This is a result of how we defined \(H_{eg}\). Alternatively, the EG Hamiltonian could have been defined relative to the energy gap at \(Q=0\): \(H _ {e g} = H _ {e} - H _ {g} + \lambda\). In this case the leading term in Equation \ref{13.62} would be zero, and the mean energy gap that describes the high frequency (system) oscillation in the dipole correlation function is \(\omega _ {e g} + \lambda\).

The second exponential term in Equation \ref{13.62} is a correlation function that describes the time dependence of the energy gap

\[\left. \begin{array} {c} {\left\langle H _ {e g} \left( \tau _ {2} \right) H _ {e g} \left( \tau _ {1} \right) \right\rangle - \left\langle H _ {e g} \left( \tau _ {2} \right) \right\rangle \left\langle H _ {e g} \left( \tau _ {1} \right) \right\rangle} \\ {= \left\langle \delta H _ {e g} \left( \tau _ {2} \right) \delta H _ {e g} \left( \tau _ {1} \right) \right\rangle} \end{array} \right. \label{13.64}\]

where

\[\left.\begin{aligned} \delta H _ {e g} & = H _ {e g} - \left\langle H _ {e g} \right\rangle \\ & = - m \omega _ {0}^{2} d q \end{aligned} \right. \label{13.65}\]

Defining the time-dependent energy gap transition frequency in terms of the EG Hamiltonian as

\[\delta \hat {\omega} _ {e g} \equiv \frac {\delta H _ {e g}} {\hbar} \label{13.66}\]

we can write the energy gap correlation function

\[C _ {e g} \left( \tau _ {2} , \tau _ {1} \right) = \left\langle \delta \hat {\omega} _ {e g} \left( \tau _ {2} - \tau _ {1} \right) \delta \hat {\omega} _ {e g} ( 0 ) \right\rangle \label{13.68}\]

It follows that

\[F (t) = e^{- i \lambda t / \hbar} e^{- g (t)}\]

and

\[g (t) = \int _ {0}^{t} d \tau _ {2} \int _ {0}^{\tau _ {2}} d \tau _ {1} C _ {e g} \left( \tau _ {2} , \tau _ {1} \right) \label{13.69}\]

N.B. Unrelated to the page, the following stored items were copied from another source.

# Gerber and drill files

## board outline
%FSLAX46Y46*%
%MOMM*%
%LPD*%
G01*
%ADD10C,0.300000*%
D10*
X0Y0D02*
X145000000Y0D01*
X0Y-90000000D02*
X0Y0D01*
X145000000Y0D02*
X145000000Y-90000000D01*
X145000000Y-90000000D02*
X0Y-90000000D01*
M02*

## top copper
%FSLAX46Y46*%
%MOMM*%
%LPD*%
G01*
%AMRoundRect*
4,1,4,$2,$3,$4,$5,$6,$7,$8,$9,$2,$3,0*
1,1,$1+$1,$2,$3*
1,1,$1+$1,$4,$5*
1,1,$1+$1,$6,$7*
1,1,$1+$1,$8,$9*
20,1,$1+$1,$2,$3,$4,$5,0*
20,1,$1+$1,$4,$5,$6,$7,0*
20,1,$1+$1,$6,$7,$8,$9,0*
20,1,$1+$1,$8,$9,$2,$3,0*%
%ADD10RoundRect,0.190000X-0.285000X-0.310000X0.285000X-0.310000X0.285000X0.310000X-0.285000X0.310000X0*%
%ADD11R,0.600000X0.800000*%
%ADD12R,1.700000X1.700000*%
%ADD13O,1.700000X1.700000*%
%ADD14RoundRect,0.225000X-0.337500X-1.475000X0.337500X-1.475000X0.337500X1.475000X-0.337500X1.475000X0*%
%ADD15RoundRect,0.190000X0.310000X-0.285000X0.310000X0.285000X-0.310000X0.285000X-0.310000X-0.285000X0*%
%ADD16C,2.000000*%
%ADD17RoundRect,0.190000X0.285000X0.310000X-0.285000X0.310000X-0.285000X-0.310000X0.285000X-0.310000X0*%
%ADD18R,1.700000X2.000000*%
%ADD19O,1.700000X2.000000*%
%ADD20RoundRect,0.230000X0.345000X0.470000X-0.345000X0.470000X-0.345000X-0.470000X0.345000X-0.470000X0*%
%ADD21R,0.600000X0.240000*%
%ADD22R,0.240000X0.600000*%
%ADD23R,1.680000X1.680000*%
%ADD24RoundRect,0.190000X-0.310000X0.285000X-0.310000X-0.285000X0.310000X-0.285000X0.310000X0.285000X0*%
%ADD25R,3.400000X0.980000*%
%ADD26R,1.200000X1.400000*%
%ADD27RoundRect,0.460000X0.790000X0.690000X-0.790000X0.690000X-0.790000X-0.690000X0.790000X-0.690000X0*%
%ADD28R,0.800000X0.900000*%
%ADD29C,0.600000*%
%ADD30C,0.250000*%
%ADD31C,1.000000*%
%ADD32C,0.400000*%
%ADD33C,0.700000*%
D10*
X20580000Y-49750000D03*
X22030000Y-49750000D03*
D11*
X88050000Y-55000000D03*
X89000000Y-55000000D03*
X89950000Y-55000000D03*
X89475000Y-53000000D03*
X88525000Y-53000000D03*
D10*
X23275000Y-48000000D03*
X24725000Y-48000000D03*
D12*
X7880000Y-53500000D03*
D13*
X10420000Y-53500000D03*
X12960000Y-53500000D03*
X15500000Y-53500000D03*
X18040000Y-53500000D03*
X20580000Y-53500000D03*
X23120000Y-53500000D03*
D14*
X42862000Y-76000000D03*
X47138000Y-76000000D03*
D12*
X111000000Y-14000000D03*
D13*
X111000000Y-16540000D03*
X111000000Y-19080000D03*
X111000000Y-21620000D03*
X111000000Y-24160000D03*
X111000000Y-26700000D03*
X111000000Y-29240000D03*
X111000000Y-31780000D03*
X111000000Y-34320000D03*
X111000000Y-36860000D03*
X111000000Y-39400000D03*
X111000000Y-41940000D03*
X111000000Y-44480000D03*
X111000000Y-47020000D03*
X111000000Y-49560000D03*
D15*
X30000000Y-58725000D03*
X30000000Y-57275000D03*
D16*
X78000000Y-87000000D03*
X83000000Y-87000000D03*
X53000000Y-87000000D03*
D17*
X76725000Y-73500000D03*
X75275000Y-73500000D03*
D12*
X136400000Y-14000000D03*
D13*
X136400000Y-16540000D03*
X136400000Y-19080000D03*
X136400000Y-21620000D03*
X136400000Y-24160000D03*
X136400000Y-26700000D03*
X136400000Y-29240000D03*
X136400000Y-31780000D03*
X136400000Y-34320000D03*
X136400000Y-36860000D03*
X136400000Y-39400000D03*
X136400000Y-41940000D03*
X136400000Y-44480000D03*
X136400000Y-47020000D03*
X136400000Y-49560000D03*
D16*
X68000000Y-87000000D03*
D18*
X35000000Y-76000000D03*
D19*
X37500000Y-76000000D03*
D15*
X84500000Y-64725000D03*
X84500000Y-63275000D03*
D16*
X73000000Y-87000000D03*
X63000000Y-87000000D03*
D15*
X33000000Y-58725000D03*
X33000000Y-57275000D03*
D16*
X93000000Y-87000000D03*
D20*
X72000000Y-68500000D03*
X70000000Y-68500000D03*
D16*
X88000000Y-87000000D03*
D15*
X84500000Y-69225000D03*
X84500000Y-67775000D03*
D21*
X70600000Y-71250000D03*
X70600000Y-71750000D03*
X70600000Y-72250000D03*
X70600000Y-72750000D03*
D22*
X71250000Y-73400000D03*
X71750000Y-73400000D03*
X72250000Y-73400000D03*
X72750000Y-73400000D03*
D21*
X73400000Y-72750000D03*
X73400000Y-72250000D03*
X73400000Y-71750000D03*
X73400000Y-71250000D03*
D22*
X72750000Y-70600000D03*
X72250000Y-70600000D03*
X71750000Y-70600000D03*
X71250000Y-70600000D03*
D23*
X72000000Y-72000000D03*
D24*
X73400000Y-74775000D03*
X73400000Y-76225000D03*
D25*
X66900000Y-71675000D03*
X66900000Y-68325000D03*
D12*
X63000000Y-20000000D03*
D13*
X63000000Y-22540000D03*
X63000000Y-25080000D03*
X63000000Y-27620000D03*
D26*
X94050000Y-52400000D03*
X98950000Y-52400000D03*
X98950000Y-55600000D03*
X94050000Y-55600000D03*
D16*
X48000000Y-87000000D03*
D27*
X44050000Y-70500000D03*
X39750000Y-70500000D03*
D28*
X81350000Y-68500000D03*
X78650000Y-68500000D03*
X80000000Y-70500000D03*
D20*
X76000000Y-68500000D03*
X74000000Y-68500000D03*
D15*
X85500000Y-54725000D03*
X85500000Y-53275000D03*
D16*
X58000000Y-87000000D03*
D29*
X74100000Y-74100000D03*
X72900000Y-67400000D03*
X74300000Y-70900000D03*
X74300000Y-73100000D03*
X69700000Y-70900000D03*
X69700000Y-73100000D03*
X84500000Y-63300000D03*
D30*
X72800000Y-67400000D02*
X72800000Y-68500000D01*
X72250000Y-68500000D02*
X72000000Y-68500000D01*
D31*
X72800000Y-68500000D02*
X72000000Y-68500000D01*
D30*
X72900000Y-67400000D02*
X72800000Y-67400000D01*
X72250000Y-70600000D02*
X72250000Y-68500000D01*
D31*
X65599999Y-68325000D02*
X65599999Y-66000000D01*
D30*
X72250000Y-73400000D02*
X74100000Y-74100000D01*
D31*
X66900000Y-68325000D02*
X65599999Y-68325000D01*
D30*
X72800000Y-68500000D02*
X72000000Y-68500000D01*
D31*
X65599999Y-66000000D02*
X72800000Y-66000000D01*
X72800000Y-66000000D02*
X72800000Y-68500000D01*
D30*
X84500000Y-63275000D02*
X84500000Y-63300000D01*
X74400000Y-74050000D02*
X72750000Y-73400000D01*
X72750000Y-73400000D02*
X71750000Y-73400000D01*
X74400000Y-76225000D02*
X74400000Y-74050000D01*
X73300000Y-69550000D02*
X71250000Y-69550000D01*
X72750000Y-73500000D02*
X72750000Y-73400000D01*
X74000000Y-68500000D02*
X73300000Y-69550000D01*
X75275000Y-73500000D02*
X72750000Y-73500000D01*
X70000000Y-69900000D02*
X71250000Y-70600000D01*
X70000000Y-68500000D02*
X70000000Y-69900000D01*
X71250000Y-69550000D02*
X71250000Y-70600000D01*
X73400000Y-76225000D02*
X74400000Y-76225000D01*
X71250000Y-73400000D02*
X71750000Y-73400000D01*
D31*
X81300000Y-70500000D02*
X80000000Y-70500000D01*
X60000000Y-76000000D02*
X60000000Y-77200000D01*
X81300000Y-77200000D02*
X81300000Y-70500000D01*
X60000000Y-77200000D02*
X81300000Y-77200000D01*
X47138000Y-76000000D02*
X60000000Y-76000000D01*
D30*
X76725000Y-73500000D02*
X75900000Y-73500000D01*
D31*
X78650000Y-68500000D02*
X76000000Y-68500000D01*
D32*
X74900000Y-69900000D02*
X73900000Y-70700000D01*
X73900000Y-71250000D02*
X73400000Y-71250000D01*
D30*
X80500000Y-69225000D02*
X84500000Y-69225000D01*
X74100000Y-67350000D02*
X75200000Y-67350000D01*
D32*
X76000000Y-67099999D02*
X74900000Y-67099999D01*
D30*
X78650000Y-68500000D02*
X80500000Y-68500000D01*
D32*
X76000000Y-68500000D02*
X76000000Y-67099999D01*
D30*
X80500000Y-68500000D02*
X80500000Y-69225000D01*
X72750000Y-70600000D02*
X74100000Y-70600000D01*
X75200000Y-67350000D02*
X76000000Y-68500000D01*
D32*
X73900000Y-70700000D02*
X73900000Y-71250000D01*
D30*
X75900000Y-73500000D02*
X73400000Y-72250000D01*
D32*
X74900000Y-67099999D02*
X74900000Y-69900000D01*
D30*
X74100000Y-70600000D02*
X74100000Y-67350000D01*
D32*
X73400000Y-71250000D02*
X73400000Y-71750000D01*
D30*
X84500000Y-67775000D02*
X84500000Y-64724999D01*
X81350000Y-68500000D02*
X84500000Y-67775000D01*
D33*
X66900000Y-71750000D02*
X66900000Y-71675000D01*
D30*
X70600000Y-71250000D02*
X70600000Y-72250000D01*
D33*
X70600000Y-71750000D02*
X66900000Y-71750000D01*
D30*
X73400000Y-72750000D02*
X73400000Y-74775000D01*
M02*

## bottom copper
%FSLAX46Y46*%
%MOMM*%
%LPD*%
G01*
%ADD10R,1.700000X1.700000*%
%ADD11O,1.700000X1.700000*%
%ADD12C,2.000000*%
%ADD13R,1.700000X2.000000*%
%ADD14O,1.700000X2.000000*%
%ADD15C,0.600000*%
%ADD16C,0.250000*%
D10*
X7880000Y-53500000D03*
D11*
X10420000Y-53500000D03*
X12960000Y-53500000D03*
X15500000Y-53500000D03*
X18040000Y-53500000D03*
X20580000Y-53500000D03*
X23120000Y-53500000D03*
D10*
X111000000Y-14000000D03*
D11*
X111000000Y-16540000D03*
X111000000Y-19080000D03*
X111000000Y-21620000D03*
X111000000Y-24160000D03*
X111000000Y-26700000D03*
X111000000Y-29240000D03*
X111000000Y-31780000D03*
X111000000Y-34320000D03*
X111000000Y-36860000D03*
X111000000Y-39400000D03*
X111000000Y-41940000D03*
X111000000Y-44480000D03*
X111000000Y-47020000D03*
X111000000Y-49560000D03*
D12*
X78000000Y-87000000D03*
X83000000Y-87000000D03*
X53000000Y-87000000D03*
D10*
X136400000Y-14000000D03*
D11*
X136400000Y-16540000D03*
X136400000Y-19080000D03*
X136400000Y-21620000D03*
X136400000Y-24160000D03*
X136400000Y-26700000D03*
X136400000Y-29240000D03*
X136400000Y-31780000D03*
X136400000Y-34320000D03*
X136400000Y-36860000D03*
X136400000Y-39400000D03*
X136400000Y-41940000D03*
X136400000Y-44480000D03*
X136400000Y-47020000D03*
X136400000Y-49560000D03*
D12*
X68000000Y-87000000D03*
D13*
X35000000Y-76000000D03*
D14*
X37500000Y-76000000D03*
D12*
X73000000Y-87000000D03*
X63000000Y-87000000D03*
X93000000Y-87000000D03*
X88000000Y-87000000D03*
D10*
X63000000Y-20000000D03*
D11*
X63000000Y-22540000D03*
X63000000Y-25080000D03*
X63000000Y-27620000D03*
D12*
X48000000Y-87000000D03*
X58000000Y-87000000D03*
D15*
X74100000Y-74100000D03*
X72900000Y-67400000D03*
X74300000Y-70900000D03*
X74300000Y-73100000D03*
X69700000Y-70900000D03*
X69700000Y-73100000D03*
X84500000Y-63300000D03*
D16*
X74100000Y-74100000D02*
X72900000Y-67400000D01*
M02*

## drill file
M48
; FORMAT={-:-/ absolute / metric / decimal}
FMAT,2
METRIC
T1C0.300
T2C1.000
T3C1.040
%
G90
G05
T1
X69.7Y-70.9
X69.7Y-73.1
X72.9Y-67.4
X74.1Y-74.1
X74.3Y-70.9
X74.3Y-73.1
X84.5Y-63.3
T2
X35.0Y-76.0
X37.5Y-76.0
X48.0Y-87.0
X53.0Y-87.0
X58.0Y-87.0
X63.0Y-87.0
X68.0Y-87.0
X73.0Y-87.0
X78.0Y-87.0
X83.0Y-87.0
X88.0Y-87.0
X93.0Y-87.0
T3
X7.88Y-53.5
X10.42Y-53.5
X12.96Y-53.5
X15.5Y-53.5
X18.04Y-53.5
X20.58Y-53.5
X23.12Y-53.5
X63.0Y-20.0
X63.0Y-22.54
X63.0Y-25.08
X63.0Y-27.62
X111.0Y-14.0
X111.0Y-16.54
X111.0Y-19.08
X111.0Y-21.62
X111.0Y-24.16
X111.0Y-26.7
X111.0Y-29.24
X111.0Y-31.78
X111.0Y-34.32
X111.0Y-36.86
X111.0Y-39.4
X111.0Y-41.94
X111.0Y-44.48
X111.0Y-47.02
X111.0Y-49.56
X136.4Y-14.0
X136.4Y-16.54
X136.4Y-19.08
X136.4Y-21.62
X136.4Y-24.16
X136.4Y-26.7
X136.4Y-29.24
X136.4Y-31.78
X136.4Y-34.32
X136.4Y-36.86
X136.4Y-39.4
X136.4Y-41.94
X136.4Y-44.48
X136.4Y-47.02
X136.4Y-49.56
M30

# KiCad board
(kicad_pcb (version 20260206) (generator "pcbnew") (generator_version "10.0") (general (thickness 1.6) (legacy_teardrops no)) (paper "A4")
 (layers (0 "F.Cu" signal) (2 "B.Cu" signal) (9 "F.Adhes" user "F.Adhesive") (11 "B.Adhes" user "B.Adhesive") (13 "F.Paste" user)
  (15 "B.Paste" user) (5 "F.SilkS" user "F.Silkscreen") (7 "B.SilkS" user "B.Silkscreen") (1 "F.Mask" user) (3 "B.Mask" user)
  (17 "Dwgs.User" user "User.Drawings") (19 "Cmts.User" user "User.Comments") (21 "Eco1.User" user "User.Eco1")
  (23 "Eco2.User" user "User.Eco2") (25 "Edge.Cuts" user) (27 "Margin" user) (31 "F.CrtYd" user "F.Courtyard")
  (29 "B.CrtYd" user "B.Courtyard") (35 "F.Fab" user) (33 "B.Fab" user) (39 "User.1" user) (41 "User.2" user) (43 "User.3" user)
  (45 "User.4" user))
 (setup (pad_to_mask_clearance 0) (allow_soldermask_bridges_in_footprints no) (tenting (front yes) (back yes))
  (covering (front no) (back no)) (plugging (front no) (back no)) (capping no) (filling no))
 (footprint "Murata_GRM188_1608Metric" (layer "F.Cu") (at 21.305 49.75)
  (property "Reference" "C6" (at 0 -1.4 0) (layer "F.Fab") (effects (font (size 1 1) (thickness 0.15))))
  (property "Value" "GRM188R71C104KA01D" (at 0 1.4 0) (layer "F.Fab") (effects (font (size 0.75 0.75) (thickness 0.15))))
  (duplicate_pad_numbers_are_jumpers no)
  (pad "1" smd roundrect (at -0.725 0) (size 0.95 1) (layers "F.Cu" "F.Mask" "F.Paste") (roundrect_rratio 0.2) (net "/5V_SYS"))
  (pad "2" smd roundrect (at 0.725 0) (size 0.95 1) (layers "F.Cu" "F.Mask" "F.Paste") (roundrect_rratio 0.2) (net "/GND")))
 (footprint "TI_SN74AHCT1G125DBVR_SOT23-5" (layer "F.Cu") (at 89 54)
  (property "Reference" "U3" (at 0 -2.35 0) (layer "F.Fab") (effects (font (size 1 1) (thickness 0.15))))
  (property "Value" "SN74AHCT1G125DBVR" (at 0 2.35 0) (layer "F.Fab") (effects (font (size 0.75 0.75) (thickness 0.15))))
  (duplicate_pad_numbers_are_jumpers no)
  (pad "1" smd rect (at -0.95 1) (size 0.6 0.8) (layers "F.Cu" "F.Mask" "F.Paste") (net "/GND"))
  (pad "2" smd rect (at 0 1) (size 0.6 0.8) (layers "F.Cu" "F.Mask" "F.Paste") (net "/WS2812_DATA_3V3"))
  (pad "3" smd rect (at 0.95 1) (size 0.6 0.8) (layers "F.Cu" "F.Mask" "F.Paste") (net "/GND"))
  (pad "4" smd rect (at 0.475 -1) (size 0.6 0.8) (layers "F.Cu" "F.Mask" "F.Paste") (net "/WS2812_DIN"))
  (pad "5" smd rect (at -0.475 -1) (size 0.6 0.8) (layers "F.Cu" "F.Mask" "F.Paste") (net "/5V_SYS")))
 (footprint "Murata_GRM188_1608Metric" (layer "F.Cu") (at 24 48)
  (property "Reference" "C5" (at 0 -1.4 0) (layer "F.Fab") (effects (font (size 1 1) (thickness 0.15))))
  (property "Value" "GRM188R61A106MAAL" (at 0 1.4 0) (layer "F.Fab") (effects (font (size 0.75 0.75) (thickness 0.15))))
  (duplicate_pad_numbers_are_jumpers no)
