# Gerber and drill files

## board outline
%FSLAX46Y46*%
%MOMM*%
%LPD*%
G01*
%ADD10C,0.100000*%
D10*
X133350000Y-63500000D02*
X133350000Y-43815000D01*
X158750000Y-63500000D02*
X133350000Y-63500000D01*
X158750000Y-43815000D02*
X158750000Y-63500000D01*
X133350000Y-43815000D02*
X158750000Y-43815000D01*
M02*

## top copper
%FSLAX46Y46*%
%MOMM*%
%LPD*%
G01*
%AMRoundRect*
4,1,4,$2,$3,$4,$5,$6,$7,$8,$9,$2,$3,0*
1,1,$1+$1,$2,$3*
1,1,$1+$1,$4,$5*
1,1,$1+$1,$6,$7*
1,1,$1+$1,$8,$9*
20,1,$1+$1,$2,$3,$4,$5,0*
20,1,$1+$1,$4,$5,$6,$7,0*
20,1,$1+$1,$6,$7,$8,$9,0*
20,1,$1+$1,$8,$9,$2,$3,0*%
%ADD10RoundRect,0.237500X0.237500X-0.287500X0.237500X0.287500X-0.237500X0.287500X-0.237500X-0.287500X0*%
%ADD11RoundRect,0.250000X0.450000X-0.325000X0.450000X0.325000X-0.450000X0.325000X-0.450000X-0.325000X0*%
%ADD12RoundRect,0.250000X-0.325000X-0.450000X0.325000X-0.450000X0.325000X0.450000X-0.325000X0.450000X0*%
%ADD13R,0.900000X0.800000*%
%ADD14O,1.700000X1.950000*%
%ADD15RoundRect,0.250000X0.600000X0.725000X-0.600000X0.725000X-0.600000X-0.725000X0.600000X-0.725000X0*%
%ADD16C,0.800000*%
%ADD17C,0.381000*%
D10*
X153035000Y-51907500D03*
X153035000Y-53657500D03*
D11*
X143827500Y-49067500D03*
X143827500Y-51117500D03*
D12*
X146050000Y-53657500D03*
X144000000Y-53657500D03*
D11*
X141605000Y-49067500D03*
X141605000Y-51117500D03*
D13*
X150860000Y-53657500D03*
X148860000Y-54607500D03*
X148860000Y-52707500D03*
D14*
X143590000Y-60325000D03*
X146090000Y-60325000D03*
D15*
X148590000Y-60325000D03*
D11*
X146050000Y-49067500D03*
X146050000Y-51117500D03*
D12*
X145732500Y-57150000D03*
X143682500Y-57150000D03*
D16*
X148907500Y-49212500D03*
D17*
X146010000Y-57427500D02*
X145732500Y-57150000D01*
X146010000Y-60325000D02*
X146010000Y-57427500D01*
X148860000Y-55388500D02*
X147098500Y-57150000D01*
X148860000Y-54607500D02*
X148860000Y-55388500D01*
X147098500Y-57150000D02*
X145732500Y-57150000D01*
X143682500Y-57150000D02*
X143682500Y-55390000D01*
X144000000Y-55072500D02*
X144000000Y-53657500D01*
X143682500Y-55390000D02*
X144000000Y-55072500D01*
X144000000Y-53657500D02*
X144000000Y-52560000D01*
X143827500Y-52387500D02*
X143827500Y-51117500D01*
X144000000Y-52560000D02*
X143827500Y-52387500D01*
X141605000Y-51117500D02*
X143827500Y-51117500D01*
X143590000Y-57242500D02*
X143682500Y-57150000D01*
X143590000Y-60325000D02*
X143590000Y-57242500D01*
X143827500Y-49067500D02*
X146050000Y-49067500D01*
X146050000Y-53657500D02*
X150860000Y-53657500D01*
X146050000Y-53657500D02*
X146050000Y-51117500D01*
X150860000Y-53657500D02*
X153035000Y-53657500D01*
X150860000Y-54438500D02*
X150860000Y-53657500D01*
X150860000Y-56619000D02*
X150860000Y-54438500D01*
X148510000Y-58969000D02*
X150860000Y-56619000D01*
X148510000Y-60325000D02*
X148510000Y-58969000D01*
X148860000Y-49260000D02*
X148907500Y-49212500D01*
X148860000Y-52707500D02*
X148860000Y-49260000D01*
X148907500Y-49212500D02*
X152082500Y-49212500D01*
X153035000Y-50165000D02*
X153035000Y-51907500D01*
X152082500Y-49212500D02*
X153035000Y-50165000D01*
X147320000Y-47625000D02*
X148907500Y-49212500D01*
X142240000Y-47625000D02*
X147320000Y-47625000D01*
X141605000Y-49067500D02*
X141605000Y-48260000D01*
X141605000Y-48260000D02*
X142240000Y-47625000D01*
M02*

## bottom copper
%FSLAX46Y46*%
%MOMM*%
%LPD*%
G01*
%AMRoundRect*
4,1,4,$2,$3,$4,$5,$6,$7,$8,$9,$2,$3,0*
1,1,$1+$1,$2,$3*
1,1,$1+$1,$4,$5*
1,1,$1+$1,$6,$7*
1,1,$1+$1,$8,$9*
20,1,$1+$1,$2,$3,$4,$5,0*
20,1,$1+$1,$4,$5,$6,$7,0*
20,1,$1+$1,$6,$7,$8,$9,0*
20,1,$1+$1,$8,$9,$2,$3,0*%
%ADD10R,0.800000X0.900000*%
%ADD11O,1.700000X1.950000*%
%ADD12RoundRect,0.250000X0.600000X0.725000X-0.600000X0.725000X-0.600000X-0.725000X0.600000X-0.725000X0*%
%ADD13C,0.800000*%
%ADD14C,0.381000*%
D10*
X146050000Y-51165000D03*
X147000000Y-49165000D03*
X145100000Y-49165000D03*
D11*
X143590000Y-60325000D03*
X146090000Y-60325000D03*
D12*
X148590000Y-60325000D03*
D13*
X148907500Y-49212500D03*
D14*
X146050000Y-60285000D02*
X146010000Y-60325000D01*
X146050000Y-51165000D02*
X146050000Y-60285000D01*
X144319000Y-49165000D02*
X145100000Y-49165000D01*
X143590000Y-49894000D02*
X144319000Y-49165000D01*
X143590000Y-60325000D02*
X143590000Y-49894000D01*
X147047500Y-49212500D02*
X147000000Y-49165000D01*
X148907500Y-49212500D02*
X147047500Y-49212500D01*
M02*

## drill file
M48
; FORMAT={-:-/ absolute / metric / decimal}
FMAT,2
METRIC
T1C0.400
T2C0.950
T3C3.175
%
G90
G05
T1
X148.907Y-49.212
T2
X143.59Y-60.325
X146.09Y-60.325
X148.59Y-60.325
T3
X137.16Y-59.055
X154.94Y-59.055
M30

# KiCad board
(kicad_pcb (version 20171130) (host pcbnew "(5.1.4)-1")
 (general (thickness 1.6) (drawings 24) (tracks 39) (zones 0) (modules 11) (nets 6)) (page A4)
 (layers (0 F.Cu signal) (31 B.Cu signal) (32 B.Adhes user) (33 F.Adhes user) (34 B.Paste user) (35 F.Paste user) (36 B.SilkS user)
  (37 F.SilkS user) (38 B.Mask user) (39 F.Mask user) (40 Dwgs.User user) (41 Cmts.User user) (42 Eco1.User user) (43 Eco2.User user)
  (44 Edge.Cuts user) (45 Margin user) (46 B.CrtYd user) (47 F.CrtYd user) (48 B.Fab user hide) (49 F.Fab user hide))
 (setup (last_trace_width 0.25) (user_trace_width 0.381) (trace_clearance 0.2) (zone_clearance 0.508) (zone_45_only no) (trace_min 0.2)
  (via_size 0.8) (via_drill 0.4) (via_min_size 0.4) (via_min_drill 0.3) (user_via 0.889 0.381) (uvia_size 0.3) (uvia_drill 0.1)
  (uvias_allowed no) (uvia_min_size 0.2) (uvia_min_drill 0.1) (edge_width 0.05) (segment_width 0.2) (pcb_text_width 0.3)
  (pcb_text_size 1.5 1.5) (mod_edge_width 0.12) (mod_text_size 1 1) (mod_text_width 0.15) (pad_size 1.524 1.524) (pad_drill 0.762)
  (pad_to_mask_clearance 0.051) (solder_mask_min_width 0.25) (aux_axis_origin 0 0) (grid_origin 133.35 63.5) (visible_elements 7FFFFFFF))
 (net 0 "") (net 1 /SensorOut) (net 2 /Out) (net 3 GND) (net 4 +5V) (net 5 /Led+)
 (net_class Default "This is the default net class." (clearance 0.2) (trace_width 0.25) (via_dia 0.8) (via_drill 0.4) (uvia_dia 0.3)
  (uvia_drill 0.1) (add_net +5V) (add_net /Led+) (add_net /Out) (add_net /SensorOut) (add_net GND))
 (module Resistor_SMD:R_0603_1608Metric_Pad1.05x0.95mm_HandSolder (layer F.Cu) (at 153.035 52.7825 90)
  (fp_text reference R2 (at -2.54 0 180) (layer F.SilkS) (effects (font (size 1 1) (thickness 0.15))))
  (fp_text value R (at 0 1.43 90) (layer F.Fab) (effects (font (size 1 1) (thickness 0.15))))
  (pad 2 smd roundrect (at 0.875 0 90) (size 1.05 0.95) (layers F.Cu F.Paste F.Mask) (roundrect_rratio 0.25) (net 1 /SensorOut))
  (pad 1 smd roundrect (at -0.875 0 90) (size 1.05 0.95) (layers F.Cu F.Paste F.Mask) (roundrect_rratio 0.25) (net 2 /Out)))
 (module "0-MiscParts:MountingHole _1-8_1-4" (layer F.Cu) (at 154.94 59.055)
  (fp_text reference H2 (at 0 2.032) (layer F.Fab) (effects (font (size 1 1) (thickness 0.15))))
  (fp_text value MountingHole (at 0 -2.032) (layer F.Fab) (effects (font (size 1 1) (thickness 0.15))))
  (pad "" np_thru_hole circle (at 0 0) (size 3.175 3.175) (drill 3.175) (layers *.Cu *.Mask)))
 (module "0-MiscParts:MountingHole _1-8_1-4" (layer F.Cu) (at 137.16 59.055)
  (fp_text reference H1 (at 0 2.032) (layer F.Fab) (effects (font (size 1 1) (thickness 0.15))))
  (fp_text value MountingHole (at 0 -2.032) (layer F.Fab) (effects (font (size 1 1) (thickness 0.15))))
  (pad "" np_thru_hole circle (at 0 0) (size 3.175 3.175) (drill 3.175) (layers *.Cu *.Mask)))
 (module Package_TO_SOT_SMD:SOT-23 (layer B.Cu) (at 146.05 50.165 270)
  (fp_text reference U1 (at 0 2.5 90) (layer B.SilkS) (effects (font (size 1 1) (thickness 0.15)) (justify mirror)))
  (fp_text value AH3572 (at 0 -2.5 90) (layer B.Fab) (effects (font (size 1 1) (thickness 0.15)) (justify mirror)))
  (pad 3 smd rect (at 1 0 270) (size 0.9 0.8) (layers B.Cu B.Paste B.Mask) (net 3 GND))
  (pad 2 smd rect (at -1 -0.95 270) (size 0.9 0.8) (layers B.Cu B.Paste B.Mask) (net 1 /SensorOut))
  (pad 1 smd rect (at -1 0.95 270) (size 0.9 0.8) (layers B.Cu B.Paste B.Mask) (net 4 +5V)))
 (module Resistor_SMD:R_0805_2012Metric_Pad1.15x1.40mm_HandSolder (layer F.Cu) (at 143.8275 50.0925 90)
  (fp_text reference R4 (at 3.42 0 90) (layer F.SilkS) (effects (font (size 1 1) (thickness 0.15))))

and the dipole correlation function can be expressed as

\[C _ {\mu \mu} (t) = \left| \mu _ {e g} \right|^{2} e^{- i \left( E _ {e} - E _ {g} + \lambda \right) t / \hbar} e^{- g (t)} \label{13.70}\]

This is the correlation function expression that determines the absorption lineshape for a timedependent energy gap. It is a general expression at this point, for all forms of the energy gap correlation function. The only approximation made for the bath is the second cumulant expansion.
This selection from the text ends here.